··· Records for this task ···

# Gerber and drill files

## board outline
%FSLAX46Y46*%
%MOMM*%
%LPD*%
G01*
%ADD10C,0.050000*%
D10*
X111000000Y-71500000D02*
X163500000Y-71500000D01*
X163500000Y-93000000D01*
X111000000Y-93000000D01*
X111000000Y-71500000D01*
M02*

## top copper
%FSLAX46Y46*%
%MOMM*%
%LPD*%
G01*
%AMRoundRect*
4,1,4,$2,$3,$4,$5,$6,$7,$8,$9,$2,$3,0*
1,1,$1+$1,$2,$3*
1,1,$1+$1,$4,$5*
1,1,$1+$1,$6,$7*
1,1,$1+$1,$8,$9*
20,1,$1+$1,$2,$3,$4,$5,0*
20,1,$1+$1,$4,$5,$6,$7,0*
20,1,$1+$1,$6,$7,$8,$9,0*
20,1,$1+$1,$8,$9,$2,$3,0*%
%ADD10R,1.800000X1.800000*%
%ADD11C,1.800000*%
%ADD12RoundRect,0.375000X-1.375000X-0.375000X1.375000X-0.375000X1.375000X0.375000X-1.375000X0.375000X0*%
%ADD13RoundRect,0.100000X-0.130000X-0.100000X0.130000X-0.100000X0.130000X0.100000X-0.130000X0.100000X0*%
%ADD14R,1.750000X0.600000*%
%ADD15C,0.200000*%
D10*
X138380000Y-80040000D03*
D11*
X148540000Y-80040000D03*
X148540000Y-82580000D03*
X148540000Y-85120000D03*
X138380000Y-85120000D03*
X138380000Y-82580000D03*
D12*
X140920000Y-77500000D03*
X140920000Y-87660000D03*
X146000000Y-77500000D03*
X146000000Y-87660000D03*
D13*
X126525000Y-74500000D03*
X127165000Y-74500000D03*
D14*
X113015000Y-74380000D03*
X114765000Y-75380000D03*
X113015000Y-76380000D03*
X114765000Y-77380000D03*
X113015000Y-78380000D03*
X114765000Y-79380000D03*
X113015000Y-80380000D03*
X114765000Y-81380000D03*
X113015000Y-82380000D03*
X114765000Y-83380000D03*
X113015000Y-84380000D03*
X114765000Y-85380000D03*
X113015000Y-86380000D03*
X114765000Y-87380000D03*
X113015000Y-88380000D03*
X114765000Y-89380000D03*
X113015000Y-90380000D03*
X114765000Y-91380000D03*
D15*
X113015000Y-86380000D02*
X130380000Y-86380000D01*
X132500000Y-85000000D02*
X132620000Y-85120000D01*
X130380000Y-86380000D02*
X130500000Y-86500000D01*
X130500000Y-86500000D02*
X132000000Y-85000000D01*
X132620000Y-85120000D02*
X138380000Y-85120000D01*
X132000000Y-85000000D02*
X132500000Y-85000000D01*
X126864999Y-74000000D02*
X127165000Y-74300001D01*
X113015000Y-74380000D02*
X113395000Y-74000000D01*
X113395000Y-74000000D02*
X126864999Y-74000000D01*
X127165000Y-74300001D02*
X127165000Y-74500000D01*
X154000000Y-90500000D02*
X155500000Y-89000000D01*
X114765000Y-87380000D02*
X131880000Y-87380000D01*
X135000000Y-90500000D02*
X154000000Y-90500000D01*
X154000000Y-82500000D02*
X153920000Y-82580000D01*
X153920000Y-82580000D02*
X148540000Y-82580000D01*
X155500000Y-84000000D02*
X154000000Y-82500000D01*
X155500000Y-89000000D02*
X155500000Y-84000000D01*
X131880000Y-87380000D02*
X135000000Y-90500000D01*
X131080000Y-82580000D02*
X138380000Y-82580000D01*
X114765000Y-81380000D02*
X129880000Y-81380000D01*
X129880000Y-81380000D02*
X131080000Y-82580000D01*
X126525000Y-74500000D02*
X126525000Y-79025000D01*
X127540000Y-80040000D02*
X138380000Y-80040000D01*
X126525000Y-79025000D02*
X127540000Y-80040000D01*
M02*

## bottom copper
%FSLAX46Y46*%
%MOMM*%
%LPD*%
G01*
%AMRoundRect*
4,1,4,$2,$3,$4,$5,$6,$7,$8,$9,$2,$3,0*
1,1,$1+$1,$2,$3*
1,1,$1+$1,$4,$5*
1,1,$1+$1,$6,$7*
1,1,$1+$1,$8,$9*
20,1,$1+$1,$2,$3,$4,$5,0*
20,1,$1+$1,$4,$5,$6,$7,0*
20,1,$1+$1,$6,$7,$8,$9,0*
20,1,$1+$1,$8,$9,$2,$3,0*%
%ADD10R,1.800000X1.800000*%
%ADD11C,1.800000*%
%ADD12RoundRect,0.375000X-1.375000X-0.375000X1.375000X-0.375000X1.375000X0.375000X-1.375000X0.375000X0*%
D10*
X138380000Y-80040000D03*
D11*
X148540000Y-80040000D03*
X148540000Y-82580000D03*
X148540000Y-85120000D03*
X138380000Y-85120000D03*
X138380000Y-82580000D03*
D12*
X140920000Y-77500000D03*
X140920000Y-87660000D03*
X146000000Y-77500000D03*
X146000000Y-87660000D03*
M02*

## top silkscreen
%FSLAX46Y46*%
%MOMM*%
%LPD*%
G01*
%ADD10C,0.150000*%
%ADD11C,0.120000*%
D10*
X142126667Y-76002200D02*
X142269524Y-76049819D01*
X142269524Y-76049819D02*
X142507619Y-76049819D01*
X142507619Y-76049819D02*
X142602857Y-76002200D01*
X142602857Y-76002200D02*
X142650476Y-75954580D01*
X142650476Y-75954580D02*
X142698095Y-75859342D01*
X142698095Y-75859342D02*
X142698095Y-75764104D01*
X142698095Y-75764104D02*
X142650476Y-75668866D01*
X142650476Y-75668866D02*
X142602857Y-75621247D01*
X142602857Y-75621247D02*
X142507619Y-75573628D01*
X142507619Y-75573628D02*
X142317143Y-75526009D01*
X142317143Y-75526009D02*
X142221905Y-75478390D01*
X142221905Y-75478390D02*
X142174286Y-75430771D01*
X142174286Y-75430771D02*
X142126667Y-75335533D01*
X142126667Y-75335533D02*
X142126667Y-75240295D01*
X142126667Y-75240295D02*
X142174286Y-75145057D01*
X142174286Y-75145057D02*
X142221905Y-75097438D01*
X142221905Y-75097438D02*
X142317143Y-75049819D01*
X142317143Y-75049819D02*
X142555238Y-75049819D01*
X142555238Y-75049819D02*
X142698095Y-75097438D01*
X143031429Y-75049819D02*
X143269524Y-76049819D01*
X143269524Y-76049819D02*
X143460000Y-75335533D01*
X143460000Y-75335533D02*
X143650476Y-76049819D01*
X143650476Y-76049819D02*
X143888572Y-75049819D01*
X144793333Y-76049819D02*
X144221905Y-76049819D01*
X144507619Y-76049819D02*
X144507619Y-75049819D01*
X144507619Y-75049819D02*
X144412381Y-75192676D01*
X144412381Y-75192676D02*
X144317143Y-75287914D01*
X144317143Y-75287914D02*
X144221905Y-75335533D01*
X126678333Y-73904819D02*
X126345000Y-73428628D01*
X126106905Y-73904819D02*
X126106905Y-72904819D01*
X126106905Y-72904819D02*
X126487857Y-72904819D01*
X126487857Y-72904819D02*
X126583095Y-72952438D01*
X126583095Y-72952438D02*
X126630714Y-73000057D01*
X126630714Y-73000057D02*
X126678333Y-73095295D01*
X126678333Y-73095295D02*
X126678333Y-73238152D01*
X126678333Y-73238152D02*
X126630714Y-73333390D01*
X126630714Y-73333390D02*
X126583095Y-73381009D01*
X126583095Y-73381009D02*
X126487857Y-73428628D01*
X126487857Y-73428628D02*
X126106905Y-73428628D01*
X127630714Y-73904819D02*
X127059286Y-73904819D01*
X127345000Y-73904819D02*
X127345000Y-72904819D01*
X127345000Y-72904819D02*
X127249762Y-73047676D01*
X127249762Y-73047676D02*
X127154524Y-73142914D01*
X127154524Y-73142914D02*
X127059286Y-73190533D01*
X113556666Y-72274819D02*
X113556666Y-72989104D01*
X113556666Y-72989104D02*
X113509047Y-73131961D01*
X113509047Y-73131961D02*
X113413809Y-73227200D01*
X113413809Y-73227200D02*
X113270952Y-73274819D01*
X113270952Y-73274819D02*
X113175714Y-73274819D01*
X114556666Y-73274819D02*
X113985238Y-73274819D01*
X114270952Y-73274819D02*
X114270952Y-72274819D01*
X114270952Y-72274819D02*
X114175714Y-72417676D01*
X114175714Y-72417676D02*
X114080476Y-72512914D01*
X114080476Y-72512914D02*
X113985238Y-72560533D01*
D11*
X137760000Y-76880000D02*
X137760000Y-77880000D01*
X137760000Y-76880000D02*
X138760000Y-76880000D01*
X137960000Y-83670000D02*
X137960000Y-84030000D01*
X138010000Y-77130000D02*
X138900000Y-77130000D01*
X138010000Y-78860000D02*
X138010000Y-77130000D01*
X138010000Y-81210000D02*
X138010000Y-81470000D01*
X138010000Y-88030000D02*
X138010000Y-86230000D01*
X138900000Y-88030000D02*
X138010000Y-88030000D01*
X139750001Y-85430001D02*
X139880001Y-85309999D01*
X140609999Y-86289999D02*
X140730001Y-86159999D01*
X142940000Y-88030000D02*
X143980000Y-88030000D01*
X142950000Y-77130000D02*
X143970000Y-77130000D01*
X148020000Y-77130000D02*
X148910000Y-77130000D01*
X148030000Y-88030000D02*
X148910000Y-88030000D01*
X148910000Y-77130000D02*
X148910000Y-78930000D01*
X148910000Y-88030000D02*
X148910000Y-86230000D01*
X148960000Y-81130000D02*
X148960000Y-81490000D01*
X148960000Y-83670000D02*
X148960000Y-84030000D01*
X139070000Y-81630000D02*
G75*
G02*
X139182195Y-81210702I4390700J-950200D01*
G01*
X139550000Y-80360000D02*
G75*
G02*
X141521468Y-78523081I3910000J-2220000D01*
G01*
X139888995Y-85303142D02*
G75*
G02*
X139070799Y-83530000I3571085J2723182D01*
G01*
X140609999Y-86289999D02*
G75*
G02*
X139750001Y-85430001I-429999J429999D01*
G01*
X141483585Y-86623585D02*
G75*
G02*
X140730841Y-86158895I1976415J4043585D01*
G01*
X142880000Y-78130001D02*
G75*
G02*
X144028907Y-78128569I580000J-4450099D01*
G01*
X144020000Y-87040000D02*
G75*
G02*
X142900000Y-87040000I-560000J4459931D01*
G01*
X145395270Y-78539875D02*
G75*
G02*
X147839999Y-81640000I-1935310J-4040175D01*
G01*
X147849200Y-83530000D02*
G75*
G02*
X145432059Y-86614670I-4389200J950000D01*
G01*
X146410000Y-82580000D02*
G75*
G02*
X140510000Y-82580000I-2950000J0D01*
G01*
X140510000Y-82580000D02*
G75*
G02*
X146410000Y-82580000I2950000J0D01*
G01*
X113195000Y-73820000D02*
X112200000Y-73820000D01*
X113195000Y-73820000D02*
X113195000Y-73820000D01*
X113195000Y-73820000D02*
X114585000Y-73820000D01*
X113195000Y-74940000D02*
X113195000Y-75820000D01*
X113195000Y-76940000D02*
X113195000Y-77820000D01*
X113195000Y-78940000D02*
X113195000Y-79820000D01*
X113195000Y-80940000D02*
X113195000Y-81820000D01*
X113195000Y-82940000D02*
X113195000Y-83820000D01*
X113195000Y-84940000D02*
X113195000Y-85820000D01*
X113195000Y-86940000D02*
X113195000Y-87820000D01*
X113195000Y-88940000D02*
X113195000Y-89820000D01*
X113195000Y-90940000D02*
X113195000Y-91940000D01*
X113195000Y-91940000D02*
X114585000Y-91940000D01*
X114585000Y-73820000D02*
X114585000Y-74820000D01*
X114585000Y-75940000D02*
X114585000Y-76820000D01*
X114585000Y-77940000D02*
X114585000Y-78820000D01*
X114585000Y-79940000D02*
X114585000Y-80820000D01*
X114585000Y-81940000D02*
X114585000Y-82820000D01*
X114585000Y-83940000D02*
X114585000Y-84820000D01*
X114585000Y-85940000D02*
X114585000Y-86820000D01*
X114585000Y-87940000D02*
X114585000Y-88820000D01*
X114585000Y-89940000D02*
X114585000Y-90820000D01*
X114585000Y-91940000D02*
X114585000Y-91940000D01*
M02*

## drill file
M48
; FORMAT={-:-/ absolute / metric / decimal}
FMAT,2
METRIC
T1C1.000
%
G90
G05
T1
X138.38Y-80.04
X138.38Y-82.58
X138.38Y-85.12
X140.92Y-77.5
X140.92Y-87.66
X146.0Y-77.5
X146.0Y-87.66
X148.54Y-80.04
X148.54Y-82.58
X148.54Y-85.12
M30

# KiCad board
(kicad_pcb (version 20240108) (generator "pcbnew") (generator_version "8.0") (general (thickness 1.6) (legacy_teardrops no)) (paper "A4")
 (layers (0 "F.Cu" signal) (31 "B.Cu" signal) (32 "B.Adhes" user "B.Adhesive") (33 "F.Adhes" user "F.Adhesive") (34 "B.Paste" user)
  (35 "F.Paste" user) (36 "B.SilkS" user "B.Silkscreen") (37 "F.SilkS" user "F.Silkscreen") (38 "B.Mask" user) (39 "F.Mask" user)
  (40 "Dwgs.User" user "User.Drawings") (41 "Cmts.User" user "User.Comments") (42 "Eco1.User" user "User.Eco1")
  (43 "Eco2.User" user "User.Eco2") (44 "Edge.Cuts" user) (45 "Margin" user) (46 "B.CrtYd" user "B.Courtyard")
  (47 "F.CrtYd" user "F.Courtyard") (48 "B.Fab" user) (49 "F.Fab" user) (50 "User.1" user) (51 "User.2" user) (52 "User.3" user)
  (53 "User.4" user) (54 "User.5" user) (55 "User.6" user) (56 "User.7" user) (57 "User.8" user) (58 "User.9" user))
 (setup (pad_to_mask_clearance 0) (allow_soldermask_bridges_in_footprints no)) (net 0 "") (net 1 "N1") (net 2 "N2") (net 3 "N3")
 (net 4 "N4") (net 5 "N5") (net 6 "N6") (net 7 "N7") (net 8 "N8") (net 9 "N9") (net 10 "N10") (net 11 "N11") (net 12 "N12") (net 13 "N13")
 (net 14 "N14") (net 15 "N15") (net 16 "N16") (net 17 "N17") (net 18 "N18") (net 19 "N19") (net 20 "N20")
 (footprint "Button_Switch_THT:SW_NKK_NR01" (layer "F.Cu") (at 138.38 80.04)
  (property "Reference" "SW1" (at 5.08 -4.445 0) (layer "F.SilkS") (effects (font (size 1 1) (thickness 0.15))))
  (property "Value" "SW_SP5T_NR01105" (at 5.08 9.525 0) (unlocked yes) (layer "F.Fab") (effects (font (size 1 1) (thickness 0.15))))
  (fp_line (start -0.62 -3.16) (end -0.62 -2.16) (stroke (width 0.12) (type default)) (layer "F.SilkS"))
  (fp_line (start -0.62 -3.16) (end 0.38 -3.16) (stroke (width 0.12) (type default)) (layer "F.SilkS"))
  (fp_line (start -0.42 3.63) (end -0.42 3.99) (stroke (width 0.12) (type default)) (layer "F.SilkS"))
  (fp_line (start -0.37 -2.91) (end 0.52 -2.91) (stroke (width 0.12) (type default)) (layer "F.SilkS"))
  (fp_line (start -0.37 -1.18) (end -0.37 -2.91) (stroke (width 0.12) (type default)) (layer "F.SilkS"))
  (fp_line (start -0.37 1.17) (end -0.37 1.43) (stroke (width 0.12) (type default)) (layer "F.SilkS"))
  (fp_line (start -0.37 7.99) (end -0.37 6.19) (stroke (width 0.12) (type default)) (layer "F.SilkS"))
  (fp_line (start 0.52 7.99) (end -0.37 7.99) (stroke (width 0.12) (type default)) (layer "F.SilkS"))
  (fp_line (start 1.370001 5.390001) (end 1.500001 5.269999) (stroke (width 0.12) (type default)) (layer "F.SilkS"))
  (fp_line (start 2.229999 6.249999) (end 2.350001 6.119999) (stroke (width 0.12) (type default)) (layer "F.SilkS"))
  (fp_line (start 4.56 7.99) (end 5.6 7.99) (stroke (width 0.12) (type default)) (layer "F.SilkS"))
  (fp_line (start 4.57 -2.91) (end 5.59 -2.91) (stroke (width 0.12) (type default)) (layer "F.SilkS"))
  (fp_line (start 9.64 -2.91) (end 10.53 -2.91) (stroke (width 0.12) (type default)) (layer "F.SilkS"))
  (fp_line (start 9.65 7.99) (end 10.53 7.99) (stroke (width 0.12) (type default)) (layer "F.SilkS"))
  (fp_line (start 10.53 -2.91) (end 10.53 -1.11) (stroke (width 0.12) (type default)) (layer "F.SilkS"))
  (fp_line (start 10.53 7.99) (end 10.53 6.19) (stroke (width 0.12) (type default)) (layer "F.SilkS"))
  (fp_line (start 10.58 1.09) (end 10.58 1.45) (stroke (width 0.12) (type default)) (layer "F.SilkS"))
  (fp_line (start 10.58 3.63) (end 10.58 3.99) (stroke (width 0.12) (type default)) (layer "F.SilkS"))
  (fp_arc (start 0.69 1.59) (mid 0.74103 1.378995) (end 0.802194 1.170702) (stroke (width 0.12) (type default)) (layer "F.SilkS"))
  (fp_arc (start 1.17 0.32) (mid 2.01489 -0.74962) (end 3.141468 -1.516919) (stroke (width 0.12) (type default)) (layer "F.SilkS"))
  (fp_arc (start 1.508995 5.263142) (mid 1.002352 4.421582) (end 0.690799 3.49) (stroke (width 0.12) (type default)) (layer "F.SilkS"))
  (fp_arc (start 2.229999 6.249999) (mid 1.370001 6.249999) (end 1.370001 5.390001) (stroke (width 0.12) (type default)) (layer "F.SilkS"))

···

→ **Activity**
What you return must be an exact retyping of the lines above starting at the line with "X113015000Y-84380000D03*" and ending at the line with "X154000000Y-90500000D02*", and nothing besides.

→ **Expected answer**
X113015000Y-84380000D03*
X114765000Y-85380000D03*
X113015000Y-86380000D03*
X114765000Y-87380000D03*
X113015000Y-88380000D03*
X114765000Y-89380000D03*
X113015000Y-90380000D03*
X114765000Y-91380000D03*
D15*
X113015000Y-86380000D02*
X130380000Y-86380000D01*
X132500000Y-85000000D02*
X132620000Y-85120000D01*
X130380000Y-86380000D02*
X130500000Y-86500000D01*
X130500000Y-86500000D02*
X132000000Y-85000000D01*
X132620000Y-85120000D02*
X138380000Y-85120000D01*
X132000000Y-85000000D02*
X132500000Y-85000000D01*
X126864999Y-74000000D02*
X127165000Y-74300001D01*
X113015000Y-74380000D02*
X113395000Y-74000000D01*
X113395000Y-74000000D02*
X126864999Y-74000000D01*
X127165000Y-74300001D02*
X127165000Y-74500000D01*
X154000000Y-90500000D02*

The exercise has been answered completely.